# sun tax



## banana plant (Mar 15, 2016)

hi is anybody out there that is personally up to date on this tax on the use of solar panels ie anybody that has 'registered' their own panels etc.


----------



## snikpoh (Nov 19, 2007)

banana plant said:


> hi is anybody out there that is personally up to date on this tax on the use of solar panels ie anybody that has 'registered' their own panels etc.


"Sun tax" as a tax, has not been brought in yet (as far as I know), so no-one needs to do anything.


----------



## thrax (Nov 13, 2008)

It has been put on hold, probably until after the next elections and should PP win then it is very likely to become law. I'm ready for this; I've made absolutely sure that my collar panels will not be detected: I've buried them.


----------



## banana plant (Mar 15, 2016)

thrax said:


> It has been put on hold, probably until after the next elections and should PP win then it is very likely to become law. I'm ready for this; I've made absolutely sure that my collar panels will not be detected: I've buried them.


good thinking, I cant bury mine as I use them to power my sunbed.


----------



## thrax (Nov 13, 2008)

I have to be honest here, I have no idea at all what collar panels might be. I meant solar panels but my keyboard owns me....


----------



## banana plant (Mar 15, 2016)

thrax said:


> I have to be honest here, I have no idea at all what collar panels might be. I meant solar panels but my keyboard owns me....


lucky for you all the pedants on here where arguing over “dog’s mess” and “dogs mess”, out of interest without 'googling' what do you think it should be?


----------



## thrax (Nov 13, 2008)

Well, if the mess is owned by the dog then it would be dog's mess, but with either a definite or indefinite article in front of it. If we are discussing a general state of affairs then it would be dogs mess. I think.


----------



## Lynn R (Feb 21, 2014)

thrax said:


> Well, if the mess is owned by the dog then it would be dog's mess, but with either a definite or indefinite article in front of it. If we are discussing a general state of affairs then it would be dogs mess. I think.


If it was a general state of affairs it would be dogs' mess, surely?


----------



## snikpoh (Nov 19, 2007)

thrax said:


> Well, if the mess is owned by the dog then it would be dog's mess, but with either a definite or indefinite article in front of it. If we are discussing a general state of affairs then it would be dogs mess. I think.


... then why is it dog*s* mess and not dog mess?


----------



## thrax (Nov 13, 2008)

snikpoh said:


> ... then why is it dog*s* mess and not dog mess?


It can be either, I believe. But seriously, I'm getting really worried about this dog and the mess he (or she) is creating. Something must be done and soon...


----------



## baldilocks (Mar 7, 2010)

thrax said:


> It can be either, I believe. But seriously, I'm getting really worried about this dog and the mess he (or she) is creating. Something must be done and soon...
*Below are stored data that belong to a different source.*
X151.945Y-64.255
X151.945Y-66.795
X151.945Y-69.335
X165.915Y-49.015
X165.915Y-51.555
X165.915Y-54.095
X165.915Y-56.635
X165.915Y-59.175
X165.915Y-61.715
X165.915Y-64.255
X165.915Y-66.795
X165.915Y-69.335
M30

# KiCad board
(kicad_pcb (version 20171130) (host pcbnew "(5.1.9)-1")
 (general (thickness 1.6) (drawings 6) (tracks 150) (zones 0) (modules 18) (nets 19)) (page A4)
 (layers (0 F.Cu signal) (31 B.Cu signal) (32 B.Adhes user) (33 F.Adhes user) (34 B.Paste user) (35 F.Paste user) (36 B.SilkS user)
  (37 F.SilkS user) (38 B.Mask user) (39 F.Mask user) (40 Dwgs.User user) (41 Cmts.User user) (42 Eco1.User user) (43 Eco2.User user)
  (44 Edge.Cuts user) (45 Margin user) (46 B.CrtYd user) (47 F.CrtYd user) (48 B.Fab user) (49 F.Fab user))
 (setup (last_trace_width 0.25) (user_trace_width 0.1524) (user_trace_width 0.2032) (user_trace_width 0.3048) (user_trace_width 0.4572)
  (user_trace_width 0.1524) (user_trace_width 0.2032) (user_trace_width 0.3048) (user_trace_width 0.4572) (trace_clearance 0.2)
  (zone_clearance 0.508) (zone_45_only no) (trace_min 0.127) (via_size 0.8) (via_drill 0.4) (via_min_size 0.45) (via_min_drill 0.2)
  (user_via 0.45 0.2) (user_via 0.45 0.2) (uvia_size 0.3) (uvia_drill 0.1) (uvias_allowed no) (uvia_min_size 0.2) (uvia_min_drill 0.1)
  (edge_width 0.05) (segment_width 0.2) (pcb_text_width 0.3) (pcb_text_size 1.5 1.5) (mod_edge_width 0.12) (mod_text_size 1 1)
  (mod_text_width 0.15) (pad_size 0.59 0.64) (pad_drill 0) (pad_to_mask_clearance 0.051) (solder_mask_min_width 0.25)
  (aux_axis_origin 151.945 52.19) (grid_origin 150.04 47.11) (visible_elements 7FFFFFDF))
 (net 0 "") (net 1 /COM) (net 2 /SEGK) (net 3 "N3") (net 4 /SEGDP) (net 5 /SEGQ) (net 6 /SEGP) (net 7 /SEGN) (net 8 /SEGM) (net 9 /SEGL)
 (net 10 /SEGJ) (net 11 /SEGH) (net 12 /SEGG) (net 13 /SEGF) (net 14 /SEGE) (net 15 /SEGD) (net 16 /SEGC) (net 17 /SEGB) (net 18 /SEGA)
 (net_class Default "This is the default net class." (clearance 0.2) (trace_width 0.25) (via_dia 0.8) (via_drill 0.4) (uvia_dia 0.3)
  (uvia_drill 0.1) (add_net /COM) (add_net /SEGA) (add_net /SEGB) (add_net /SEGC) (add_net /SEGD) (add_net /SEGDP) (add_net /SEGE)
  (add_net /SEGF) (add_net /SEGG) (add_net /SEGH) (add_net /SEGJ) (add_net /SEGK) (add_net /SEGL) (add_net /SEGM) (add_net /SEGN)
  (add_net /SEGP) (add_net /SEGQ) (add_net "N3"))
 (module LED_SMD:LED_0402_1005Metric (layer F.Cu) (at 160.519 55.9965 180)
We now have by-laws in the village about this and it gives the Policía Local something to do in addition to the new yellow lines and defined parking.


----------



## el romeral (May 8, 2012)

baldilocks said:


> We now have by-laws in the village about this and it gives the Policía Local something to do in addition to the new yellow lines and defined parking.


There must be a change of policy or something, as the town nearest to me is finally trying to combat the outrageous parking by the locals. Fixed cones have been put in place down the centre line to help prevent double parking, together with blue zones where you have to pay and best of all, the local police are actually patrolling around and booking badly or illegally parked cars. Never seen this before.


----------



## Lynn R (Feb 21, 2014)

el romeral said:


> There must be a change of policy or something, as the town nearest to me is finally trying to combat the outrageous parking by the locals. Fixed cones have been put in place down the centre line to help prevent double parking, together with blue zones where you have to pay and best of all, the local police are actually patrolling around and booking badly or illegally parked cars. Never seen this before.
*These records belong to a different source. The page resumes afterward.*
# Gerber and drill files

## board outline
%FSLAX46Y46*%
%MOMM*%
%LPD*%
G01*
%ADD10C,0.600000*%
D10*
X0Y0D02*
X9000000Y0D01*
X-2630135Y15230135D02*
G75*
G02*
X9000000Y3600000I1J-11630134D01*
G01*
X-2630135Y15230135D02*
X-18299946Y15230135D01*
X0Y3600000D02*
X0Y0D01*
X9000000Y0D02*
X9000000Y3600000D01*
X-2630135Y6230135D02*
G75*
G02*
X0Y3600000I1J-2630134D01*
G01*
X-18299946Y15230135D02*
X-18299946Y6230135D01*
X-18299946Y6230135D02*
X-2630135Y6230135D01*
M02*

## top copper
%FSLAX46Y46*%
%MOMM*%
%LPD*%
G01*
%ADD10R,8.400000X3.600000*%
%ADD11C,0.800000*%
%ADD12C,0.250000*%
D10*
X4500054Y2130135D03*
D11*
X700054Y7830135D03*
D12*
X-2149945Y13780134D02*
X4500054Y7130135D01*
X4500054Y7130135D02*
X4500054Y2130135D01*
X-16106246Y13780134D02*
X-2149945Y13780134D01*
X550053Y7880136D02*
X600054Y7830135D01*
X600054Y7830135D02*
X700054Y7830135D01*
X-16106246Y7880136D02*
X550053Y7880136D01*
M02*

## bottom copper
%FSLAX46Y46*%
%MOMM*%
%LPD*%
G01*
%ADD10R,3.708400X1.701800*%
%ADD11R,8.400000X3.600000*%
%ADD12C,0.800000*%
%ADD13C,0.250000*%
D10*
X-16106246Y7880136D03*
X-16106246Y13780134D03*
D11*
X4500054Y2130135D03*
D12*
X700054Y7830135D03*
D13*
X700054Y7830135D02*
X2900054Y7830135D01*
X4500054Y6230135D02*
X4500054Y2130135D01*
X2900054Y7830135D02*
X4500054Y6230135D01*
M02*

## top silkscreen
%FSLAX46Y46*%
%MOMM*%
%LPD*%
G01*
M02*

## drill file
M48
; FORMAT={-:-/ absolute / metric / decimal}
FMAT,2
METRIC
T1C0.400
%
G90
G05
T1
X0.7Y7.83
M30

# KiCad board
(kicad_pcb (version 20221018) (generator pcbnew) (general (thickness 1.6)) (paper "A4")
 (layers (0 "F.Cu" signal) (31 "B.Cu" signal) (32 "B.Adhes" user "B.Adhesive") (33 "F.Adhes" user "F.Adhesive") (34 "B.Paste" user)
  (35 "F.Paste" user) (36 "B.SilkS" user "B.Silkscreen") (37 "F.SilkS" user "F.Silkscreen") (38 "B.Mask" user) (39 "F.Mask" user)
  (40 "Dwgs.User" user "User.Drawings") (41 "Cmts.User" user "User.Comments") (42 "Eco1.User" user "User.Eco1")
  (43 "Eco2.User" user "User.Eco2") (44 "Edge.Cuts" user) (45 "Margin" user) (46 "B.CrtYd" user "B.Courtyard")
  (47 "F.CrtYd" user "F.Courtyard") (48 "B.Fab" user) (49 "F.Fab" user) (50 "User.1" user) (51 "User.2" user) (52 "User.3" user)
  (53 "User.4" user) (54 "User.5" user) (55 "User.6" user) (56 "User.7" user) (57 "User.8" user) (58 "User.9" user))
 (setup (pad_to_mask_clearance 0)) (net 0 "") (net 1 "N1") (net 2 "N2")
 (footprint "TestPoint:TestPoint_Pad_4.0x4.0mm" (layer "F.Cu") (at 4.500054 -2.130135)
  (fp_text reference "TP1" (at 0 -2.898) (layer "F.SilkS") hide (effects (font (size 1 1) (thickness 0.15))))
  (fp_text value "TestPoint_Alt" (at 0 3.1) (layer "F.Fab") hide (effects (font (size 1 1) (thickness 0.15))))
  (pad "1" smd rect (at 0 0) (size 8.4 3.6) (layers "F.Cu" "F.Mask") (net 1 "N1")))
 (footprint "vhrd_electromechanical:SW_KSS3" (layer "B.Cu") (at -16.106246 -10.830135 90)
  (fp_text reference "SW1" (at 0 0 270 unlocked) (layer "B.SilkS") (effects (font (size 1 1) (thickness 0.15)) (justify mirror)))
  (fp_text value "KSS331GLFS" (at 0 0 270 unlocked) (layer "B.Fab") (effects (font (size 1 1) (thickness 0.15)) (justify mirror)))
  (pad "1" smd rect (at -2.949999 0 90) (size 1.7018 3.7084) (layers "B.Cu" "B.Paste" "B.Mask") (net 1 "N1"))
  (pad "2" smd rect (at 2.949999 0 90) (size 1.7018 3.7084) (layers "B.Cu" "B.Paste" "B.Mask") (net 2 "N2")))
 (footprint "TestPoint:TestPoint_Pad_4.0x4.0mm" (layer "B.Cu") (at 4.500054 -2.130135 180)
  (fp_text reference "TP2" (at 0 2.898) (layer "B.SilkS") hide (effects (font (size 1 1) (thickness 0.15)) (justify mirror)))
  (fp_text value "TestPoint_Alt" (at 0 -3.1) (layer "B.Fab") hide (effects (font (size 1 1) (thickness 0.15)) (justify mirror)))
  (pad "1" smd rect (at 0 0 180) (size 8.4 3.6) (layers "B.Cu" "B.Mask") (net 2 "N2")))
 (gr_line (start 0 0) (end 9 0) (stroke (width 0.6) (type solid)) (layer "Edge.Cuts"))
 (gr_arc (start -2.630135 -15.230135) (mid 5.593612 -11.823748) (end 9 -3.6) (stroke (width 0.6) (type solid)) (layer "Edge.Cuts"))
 (gr_line (start -2.630135 -15.230135) (end -18.299946 -15.230135) (stroke (width 0.6) (type solid)) (layer "Edge.Cuts"))
 (gr_line (start 0 -3.6) (end 0 0) (stroke (width 0.6) (type solid)) (layer "Edge.Cuts"))
 (gr_line (start 9 0) (end 9 -3.6) (stroke (width 0.6) (type solid)) (layer "Edge.Cuts"))
 (gr_arc (start -2.630135 -6.230135) (mid -0.770349 -5.459787) (end 0 -3.6) (stroke (width 0.6) (type solid)) (layer "Edge.Cuts"))
 (gr_line (start -18.299946 -15.230135) (end -18.299946 -6.230135) (stroke (width 0.6) (type solid)) (layer "Edge.Cuts"))
 (gr_line (start -18.299946 -6.230135) (end -2.630135 -6.230135) (stroke (width 0.6) (type solid)) (layer "Edge.Cuts"))
 (segment (start -2.149945 -13.780134) (end 4.500054 -7.130135) (width 0.25) (layer "F.Cu") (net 1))
 (segment (start 4.500054 -7.130135) (end 4.500054 -2.130135) (width 0.25) (layer "F.Cu") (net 1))
 (segment (start -16.106246 -13.780134) (end -2.149945 -13.780134) (width 0.25) (layer "F.Cu") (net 1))
 (segment (start 0.550053 -7.880136) (end 0.600054 -7.830135) (width 0.25) (layer "F.Cu") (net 2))
 (segment (start 0.600054 -7.830135) (end 0.700054 -7.830135) (width 0.25) (layer "F.Cu") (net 2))
 (segment (start -16.106246 -7.880136) (end 0.550053 -7.880136) (width 0.25) (layer "F.Cu") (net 2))
 (via (at 0.700054 -7.830135) (size 0.8) (drill 0.4) (layers "F.Cu" "B.Cu") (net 2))
 (segment (start 0.700054 -7.830135) (end 2.900054 -7.830135) (width 0.25) (layer "B.Cu") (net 2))
 (segment (start 4.500054 -6.230135) (end 4.500054 -2.130135) (width 0.25) (layer "B.Cu") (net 2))
 (segment (start 2.900054 -7.830135) (end 4.500054 -6.230135) (width 0.25) (layer "B.Cu") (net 2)))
We have blue zones in the town centre too, with parking wardens, and the Council have also installed bollards in several areas to prevent cars parking on the pavement - which for us, as pedestrians, is great. I hate having to walk in the road because the pavement is blocked by a parked car.

We've had byelaws obliging dog owners to pick up their pets' mess for years, though, and the problem is still almost as bad as ever.


----------



## The Skipper (Nov 26, 2014)

I clicked on this thread to read the latest about the tax on solar panels but it seems to be all about dog crap. Am I missing something?


----------



## snikpoh (Nov 19, 2007)

The Skipper said:


> I clicked on this thread to read the latest about the tax on solar panels but it seems to be all about dog crap. Am I missing something?


Get a dog and join in ...!


----------



## Lynn R (Feb 21, 2014)

snikpoh said:


> Get a dog and join in ...!


Why does he need a dog - I haven't got one and I still find myself having to clear up dog crap from outside my house all the time!

Just one of those veering off at a tangent threads, Skipper, often happens! For a change I think it was the person who started the thread who took it off topic, though. I supposed he's entiitled.


----------



## Pesky Wesky (May 10, 2009)

I've got a dog, but conversations about dog crap don't thrill me, so
:focus:
I was listening to this on the radio, but had to go to work

*El autoconsumo eléctrico no regulado * *20 abr 2016*

Se calcula que en España hay unas 2.000 instalaciones de autoconsumo pero solo una veintena se ha inscrito en el registro oficial para el autoconsumo eléctrico. Hace unos días terminó el plazo para el registro oficial de esas instalaciones, al que obliga el real decreto sobre autoconsumo. Una circunstancia que sitúa fuera de la ley a miles de personas que, en su día, invirtieron en placas solares en sus casas. Hablamos de ello con* Jorge Morales Labra*, ingeniero industrial y miembro de la Plataforma por un Nuevo Modelo Energético (20/04/16).

Name of programme *España vuelta y vuelta. Link España vuelta y vuelta - El autoconsumo eléctrico no regulado, España vuelta y vuelta - RTVE.es A la Carta

*Look for "El autoconsumo eléctrico no regulado*"

*


----------



## banana plant (Mar 15, 2016)

Lynn R said:


> Why does he need a dog - I haven't got one and I still find myself having to clear up dog crap from outside my house all the time!
> 
> Just one of those veering off at a tangent threads, Skipper, often happens! For a change I think it was the person who started the thread who took it off topic, though. I supposed he's entiitled.


it was me I did it !!!!!!


----------